Un premier électron s’additionne sur la double liaison avec délocalisation des électrons pour former un radical anion, puis une seconde addition d’électron a lieu afin de former le dianion. Celui-ci est ensuite protoné par l’ammoniac au niveau de sa position la plus basique, pour former l’énolate. Il est important de noter que la protonation peut se faire par l’ammoniac tel que présentée ci-dessus, mais celle-ci n’est parfois pas complète pour certains substrats : une source extérieure de protons (telle qu’un alcool ou de l’aniline ou encore de l’eau) peut être ajoutée au milieu réactionnel. L’énolate n’est quant à lui pas assez basique pour être protoné par l’ammoniac, il le sera lors de l’hydrolyse de la réaction et conduira à la cétone.

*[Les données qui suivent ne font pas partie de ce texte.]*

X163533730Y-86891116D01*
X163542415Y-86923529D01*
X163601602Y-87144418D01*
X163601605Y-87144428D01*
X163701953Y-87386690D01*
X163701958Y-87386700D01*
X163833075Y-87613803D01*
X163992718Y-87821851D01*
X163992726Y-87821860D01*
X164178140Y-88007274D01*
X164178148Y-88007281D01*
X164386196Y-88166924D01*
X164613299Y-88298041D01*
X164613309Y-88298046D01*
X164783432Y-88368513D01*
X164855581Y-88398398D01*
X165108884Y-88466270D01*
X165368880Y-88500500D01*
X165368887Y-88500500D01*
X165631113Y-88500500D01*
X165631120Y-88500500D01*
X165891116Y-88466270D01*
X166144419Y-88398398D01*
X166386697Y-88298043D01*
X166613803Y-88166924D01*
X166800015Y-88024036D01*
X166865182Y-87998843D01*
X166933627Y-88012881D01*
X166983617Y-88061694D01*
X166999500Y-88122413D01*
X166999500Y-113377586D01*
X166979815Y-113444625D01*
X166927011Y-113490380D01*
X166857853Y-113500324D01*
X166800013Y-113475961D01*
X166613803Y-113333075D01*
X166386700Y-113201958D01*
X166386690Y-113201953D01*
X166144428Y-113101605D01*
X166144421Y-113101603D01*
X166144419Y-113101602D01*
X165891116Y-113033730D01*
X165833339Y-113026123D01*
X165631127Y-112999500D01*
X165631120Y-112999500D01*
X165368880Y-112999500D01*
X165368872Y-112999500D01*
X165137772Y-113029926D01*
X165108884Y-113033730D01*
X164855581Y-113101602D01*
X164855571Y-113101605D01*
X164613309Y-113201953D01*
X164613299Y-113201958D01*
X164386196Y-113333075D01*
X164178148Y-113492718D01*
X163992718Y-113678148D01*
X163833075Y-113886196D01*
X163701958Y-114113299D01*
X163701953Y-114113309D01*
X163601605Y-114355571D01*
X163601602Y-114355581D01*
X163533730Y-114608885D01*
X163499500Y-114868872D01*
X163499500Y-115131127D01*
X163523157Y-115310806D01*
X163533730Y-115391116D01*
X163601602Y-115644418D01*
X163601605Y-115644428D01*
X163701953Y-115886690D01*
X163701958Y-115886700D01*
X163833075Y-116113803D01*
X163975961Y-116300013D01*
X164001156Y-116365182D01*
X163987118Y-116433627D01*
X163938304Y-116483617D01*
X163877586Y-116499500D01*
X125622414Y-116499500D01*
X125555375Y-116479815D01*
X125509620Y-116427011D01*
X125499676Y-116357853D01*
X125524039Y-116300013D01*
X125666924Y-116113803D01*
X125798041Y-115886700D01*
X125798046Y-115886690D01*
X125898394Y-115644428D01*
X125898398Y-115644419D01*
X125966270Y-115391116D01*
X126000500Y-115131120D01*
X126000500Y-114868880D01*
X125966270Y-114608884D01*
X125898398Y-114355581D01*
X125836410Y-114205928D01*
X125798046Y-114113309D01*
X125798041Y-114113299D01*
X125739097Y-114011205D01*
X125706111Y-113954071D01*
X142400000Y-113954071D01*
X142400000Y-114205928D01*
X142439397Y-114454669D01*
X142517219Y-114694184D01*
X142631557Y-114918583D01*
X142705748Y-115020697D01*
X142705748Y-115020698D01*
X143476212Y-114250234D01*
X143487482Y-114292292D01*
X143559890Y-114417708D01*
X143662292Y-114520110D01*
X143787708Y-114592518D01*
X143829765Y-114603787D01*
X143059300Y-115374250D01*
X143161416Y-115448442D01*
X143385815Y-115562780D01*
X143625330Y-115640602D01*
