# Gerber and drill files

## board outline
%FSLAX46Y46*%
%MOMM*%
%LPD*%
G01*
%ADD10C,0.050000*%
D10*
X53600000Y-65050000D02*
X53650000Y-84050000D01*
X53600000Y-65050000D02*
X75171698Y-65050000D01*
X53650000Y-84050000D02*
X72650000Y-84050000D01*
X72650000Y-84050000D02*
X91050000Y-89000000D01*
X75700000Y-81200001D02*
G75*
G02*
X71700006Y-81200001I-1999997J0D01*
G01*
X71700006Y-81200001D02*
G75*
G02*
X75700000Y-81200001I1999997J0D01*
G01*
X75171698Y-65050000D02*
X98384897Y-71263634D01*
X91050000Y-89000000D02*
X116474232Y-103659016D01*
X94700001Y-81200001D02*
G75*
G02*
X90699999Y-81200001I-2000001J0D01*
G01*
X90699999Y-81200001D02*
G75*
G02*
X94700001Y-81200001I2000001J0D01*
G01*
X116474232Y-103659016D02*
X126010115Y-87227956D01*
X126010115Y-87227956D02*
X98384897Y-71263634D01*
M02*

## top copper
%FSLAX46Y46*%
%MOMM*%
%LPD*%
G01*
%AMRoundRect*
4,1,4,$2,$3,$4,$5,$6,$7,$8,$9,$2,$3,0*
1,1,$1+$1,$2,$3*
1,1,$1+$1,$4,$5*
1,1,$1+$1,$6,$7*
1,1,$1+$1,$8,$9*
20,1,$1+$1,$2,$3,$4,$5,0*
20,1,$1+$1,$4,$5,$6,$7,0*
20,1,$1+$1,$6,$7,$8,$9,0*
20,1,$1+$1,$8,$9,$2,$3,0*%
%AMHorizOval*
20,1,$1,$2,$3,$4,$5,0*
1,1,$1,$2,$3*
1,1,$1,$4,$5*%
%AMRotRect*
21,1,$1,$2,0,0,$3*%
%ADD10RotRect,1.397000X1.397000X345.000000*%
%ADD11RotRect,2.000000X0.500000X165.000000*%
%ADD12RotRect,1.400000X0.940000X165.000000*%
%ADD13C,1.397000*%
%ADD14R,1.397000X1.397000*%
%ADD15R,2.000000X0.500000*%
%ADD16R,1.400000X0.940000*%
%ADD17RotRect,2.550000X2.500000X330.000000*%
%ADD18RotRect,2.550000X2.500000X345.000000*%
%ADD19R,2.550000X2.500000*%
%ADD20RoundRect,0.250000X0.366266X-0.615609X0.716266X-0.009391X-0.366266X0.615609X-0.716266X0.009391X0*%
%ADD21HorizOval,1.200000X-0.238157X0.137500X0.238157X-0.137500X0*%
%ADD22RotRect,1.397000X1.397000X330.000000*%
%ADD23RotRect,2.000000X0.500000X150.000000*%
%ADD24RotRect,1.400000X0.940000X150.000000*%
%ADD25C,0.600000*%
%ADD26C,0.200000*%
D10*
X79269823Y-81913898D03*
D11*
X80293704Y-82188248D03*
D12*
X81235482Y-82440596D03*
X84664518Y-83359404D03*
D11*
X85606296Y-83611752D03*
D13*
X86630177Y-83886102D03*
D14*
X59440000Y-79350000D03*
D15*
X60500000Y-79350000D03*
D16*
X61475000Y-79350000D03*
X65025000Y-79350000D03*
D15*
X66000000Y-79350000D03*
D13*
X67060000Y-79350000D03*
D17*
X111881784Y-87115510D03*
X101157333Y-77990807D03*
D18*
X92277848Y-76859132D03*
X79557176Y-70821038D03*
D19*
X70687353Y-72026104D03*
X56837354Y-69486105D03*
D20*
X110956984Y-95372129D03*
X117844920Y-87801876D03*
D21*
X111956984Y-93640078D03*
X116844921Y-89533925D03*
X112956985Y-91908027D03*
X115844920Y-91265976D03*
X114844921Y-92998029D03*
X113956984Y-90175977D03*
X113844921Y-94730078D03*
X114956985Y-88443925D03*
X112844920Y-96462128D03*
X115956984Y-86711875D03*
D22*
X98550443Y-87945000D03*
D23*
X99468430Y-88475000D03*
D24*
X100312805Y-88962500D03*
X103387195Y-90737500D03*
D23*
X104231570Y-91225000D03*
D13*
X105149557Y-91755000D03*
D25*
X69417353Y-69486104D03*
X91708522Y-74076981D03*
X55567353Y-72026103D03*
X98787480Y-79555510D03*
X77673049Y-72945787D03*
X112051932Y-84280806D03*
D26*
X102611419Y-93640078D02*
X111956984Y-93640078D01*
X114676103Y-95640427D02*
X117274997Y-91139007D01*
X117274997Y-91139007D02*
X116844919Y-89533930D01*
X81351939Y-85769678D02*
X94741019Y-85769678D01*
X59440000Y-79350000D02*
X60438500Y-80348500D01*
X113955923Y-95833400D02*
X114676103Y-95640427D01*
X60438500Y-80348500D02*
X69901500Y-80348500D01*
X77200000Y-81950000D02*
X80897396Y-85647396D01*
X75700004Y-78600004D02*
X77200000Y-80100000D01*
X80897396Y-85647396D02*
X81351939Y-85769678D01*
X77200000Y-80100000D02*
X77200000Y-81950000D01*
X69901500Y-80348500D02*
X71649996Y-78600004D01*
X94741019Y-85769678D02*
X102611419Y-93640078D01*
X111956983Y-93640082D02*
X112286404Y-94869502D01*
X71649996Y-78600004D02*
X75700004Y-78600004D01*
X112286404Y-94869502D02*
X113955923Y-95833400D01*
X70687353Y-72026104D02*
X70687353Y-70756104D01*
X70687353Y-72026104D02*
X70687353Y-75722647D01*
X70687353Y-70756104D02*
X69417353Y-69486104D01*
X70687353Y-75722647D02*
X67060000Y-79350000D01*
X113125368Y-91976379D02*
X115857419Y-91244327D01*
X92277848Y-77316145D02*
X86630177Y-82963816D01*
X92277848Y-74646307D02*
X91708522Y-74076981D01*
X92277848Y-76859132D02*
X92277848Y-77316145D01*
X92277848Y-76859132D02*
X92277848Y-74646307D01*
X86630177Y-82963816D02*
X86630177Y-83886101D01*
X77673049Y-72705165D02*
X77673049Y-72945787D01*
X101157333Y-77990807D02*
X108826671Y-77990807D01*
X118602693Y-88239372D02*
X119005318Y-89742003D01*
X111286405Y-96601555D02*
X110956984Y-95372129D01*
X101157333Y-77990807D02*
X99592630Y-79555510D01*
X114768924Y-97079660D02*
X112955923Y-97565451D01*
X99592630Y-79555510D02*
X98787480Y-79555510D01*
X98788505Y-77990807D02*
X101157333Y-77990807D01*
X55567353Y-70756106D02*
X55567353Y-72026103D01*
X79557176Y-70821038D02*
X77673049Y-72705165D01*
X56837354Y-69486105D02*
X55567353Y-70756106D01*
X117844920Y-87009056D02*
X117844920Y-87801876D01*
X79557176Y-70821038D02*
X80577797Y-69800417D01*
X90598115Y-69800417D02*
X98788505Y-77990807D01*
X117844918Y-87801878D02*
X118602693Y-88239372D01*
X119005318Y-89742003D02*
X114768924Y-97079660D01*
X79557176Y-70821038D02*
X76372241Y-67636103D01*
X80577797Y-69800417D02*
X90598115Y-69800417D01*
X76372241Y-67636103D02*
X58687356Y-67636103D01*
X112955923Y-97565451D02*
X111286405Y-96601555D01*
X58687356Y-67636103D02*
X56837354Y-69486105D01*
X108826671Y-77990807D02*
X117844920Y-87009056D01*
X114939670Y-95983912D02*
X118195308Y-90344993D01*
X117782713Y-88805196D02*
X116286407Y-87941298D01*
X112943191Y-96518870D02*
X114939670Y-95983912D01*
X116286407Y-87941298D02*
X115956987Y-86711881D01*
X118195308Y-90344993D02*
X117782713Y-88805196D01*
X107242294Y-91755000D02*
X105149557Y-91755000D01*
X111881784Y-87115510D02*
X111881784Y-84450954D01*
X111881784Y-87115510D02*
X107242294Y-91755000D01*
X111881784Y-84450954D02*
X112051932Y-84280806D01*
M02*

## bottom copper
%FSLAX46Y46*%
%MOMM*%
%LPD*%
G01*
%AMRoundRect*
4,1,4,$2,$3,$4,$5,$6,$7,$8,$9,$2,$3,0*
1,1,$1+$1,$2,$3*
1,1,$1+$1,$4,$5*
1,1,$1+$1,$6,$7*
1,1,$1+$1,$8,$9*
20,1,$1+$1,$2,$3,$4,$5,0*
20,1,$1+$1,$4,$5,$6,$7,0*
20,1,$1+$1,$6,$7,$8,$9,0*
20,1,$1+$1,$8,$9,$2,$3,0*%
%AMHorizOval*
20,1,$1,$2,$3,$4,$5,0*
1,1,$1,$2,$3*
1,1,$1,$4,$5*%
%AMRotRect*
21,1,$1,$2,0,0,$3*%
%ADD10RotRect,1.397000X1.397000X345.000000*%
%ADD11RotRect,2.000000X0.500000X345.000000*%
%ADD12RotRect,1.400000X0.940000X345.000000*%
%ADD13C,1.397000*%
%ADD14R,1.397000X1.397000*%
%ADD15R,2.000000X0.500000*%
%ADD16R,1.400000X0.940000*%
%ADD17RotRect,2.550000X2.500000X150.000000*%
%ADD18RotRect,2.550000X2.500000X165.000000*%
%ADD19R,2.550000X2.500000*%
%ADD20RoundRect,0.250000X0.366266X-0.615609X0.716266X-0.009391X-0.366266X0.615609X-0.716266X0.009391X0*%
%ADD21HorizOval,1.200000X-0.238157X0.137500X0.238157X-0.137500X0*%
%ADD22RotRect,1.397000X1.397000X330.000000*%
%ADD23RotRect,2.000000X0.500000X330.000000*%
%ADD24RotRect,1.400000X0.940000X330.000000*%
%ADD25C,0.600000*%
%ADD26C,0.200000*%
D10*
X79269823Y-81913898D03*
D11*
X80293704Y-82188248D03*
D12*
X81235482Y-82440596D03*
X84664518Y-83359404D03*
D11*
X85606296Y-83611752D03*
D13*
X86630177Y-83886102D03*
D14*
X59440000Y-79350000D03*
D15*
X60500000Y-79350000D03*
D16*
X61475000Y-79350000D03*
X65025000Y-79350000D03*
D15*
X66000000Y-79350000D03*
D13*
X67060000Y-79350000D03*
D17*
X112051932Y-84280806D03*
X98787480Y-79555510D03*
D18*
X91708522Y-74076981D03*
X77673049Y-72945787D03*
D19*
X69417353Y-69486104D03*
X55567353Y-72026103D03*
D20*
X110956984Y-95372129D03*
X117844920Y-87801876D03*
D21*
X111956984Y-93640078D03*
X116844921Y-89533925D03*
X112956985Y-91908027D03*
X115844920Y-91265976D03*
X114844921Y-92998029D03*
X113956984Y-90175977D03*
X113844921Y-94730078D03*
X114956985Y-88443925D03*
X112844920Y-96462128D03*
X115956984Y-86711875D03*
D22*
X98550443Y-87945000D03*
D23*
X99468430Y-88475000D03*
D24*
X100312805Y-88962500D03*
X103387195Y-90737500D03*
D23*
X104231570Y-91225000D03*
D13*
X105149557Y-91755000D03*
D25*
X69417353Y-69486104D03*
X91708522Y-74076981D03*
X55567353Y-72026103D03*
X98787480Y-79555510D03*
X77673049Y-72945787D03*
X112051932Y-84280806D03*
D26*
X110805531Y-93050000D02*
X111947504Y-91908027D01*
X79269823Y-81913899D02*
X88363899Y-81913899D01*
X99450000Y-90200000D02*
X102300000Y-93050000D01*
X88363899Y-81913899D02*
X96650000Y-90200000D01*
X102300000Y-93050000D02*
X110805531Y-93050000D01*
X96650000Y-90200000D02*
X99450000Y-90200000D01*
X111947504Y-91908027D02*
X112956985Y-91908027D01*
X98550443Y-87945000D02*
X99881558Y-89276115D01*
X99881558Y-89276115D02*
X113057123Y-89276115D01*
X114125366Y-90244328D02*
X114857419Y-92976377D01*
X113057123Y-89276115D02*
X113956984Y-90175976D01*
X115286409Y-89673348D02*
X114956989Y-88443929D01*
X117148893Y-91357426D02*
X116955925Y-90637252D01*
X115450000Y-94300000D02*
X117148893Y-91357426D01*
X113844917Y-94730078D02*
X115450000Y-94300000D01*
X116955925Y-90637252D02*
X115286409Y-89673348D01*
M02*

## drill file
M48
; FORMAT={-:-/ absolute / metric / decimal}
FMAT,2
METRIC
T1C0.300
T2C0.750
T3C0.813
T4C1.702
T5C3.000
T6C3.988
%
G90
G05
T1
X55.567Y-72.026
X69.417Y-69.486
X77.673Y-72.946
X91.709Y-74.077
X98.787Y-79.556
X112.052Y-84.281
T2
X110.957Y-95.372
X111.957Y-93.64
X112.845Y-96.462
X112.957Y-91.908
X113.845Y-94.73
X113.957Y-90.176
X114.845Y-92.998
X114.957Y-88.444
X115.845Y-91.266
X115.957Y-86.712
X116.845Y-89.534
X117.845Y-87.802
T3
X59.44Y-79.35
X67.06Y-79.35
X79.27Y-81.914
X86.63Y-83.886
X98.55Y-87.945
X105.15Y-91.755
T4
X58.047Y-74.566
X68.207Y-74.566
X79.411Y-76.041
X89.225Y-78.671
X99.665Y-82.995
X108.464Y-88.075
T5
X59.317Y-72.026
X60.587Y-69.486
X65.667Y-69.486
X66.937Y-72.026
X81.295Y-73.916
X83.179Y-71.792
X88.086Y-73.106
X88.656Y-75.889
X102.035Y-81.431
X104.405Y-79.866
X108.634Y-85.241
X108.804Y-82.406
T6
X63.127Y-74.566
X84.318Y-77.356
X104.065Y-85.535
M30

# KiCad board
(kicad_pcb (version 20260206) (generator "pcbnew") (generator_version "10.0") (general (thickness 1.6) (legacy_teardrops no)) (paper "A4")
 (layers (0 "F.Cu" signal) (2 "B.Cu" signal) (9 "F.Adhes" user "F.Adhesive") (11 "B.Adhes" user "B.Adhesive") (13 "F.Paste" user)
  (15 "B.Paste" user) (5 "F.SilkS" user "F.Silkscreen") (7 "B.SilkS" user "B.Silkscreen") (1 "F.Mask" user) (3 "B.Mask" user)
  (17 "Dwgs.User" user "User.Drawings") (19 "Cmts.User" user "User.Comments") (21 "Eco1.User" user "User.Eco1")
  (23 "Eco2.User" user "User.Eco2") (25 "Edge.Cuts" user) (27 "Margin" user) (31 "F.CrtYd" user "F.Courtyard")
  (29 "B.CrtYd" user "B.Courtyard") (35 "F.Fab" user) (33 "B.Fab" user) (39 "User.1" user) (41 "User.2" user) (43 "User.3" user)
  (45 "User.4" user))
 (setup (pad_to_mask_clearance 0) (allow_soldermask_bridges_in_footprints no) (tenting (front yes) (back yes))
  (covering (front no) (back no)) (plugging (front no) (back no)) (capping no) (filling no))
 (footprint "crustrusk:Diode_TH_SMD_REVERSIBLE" (layer "F.Cu") (at 82.95 82.9 -15)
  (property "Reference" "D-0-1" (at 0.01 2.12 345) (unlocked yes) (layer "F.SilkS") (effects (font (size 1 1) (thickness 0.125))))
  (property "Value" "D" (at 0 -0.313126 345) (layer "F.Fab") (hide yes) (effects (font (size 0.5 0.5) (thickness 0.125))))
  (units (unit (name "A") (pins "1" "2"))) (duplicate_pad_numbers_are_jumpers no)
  (pad "1" thru_hole rect (at -3.81 -0.000001 345) (size 1.397 1.397) (drill 0.8128) (layers "*.Cu" "*.Mask") (remove_unused_layers no)
   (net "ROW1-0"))
  (pad "1" smd rect (at -2.75 0 165) (size 2 0.5) (layers "F.Cu") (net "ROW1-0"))
  (pad "1" smd rect (at -2.75 0 345) (size 2 0.5) (layers "B.Cu") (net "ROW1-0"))
  (pad "1" smd rect (at -1.775 0 165) (size 1.4 0.94) (layers "F.Cu" "F.Mask" "F.Paste") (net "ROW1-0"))
  (pad "1" smd rect (at -1.775 0 345) (size 1.4 0.94) (layers "B.Cu" "B.Mask" "B.Paste") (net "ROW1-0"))
  (pad "2" smd rect (at 1.775 0 165) (size 1.4 0.94) (layers "F.Cu" "F.Mask" "F.Paste") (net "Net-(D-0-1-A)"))
  (pad "2" smd rect (at 1.775 0 345) (size 1.4 0.94) (layers "B.Cu" "B.Mask" "B.Paste") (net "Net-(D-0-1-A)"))
  (pad "2" smd rect (at 2.75 0 165) (size 2 0.5) (layers "F.Cu") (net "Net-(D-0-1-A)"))
  (pad "2" smd rect (at 2.75 0 345) (size 2 0.5) (layers "B.Cu") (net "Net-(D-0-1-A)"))
  (pad "2" thru_hole circle (at 3.81 0.000001 345) (size 1.397 1.397) (drill 0.8128) (layers "*.Cu" "*.Mask") (remove_unused_layers no)
   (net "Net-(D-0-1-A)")))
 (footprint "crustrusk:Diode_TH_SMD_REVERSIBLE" (layer "F.Cu") (at 63.25 79.35)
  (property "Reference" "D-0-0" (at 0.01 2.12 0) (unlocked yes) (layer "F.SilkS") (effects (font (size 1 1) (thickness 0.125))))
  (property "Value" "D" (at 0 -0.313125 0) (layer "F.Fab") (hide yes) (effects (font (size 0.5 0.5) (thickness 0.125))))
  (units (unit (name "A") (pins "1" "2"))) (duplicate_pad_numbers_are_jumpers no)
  (pad "1" thru_hole rect (at -3.81 0) (size 1.397 1.397) (drill 0.8128) (layers "*.Cu" "*.Mask") (remove_unused_layers no) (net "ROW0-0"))
  (pad "1" smd rect (at -2.75 0 180) (size 2 0.5) (layers "F.Cu") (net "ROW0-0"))
  (pad "1" smd rect (at -2.75 0) (size 2 0.5) (layers "B.Cu") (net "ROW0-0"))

Barton et Robinson sont les premiers à s’être intéressés à la stéréospécificité de cette réaction en assurant que la protonation s’effectue de façon stéréospécifique pour former le produit thermodynamique.56 Stork, n’étant pas satisfait de cette rapide conclusion, a décidé de compléter leurs investigations.

I.2.2 Considérations sur la stéréospécificité de la réduction de Birch d’une énone cyclique:

En 1960, Stork effectue une étude plus complète afin d’expliquer les résultats empiriques de Barton et Robinson à propos de la stéréospécificité de la protonation de l’énolate, concernant des énones bicycliques.57 En effet, Barton et Robinson expliquaient la stéréospécificité de la protonation par la formation du produit thermodynamique (le plus stable).

Pour ce faire, Stork s’est intéressé à la réduction de l’octalone A (Schéma 32).

56 Barton, D. H. R.; Robinson, C. H. J. Chem. Soc. 1954, 3045–3051.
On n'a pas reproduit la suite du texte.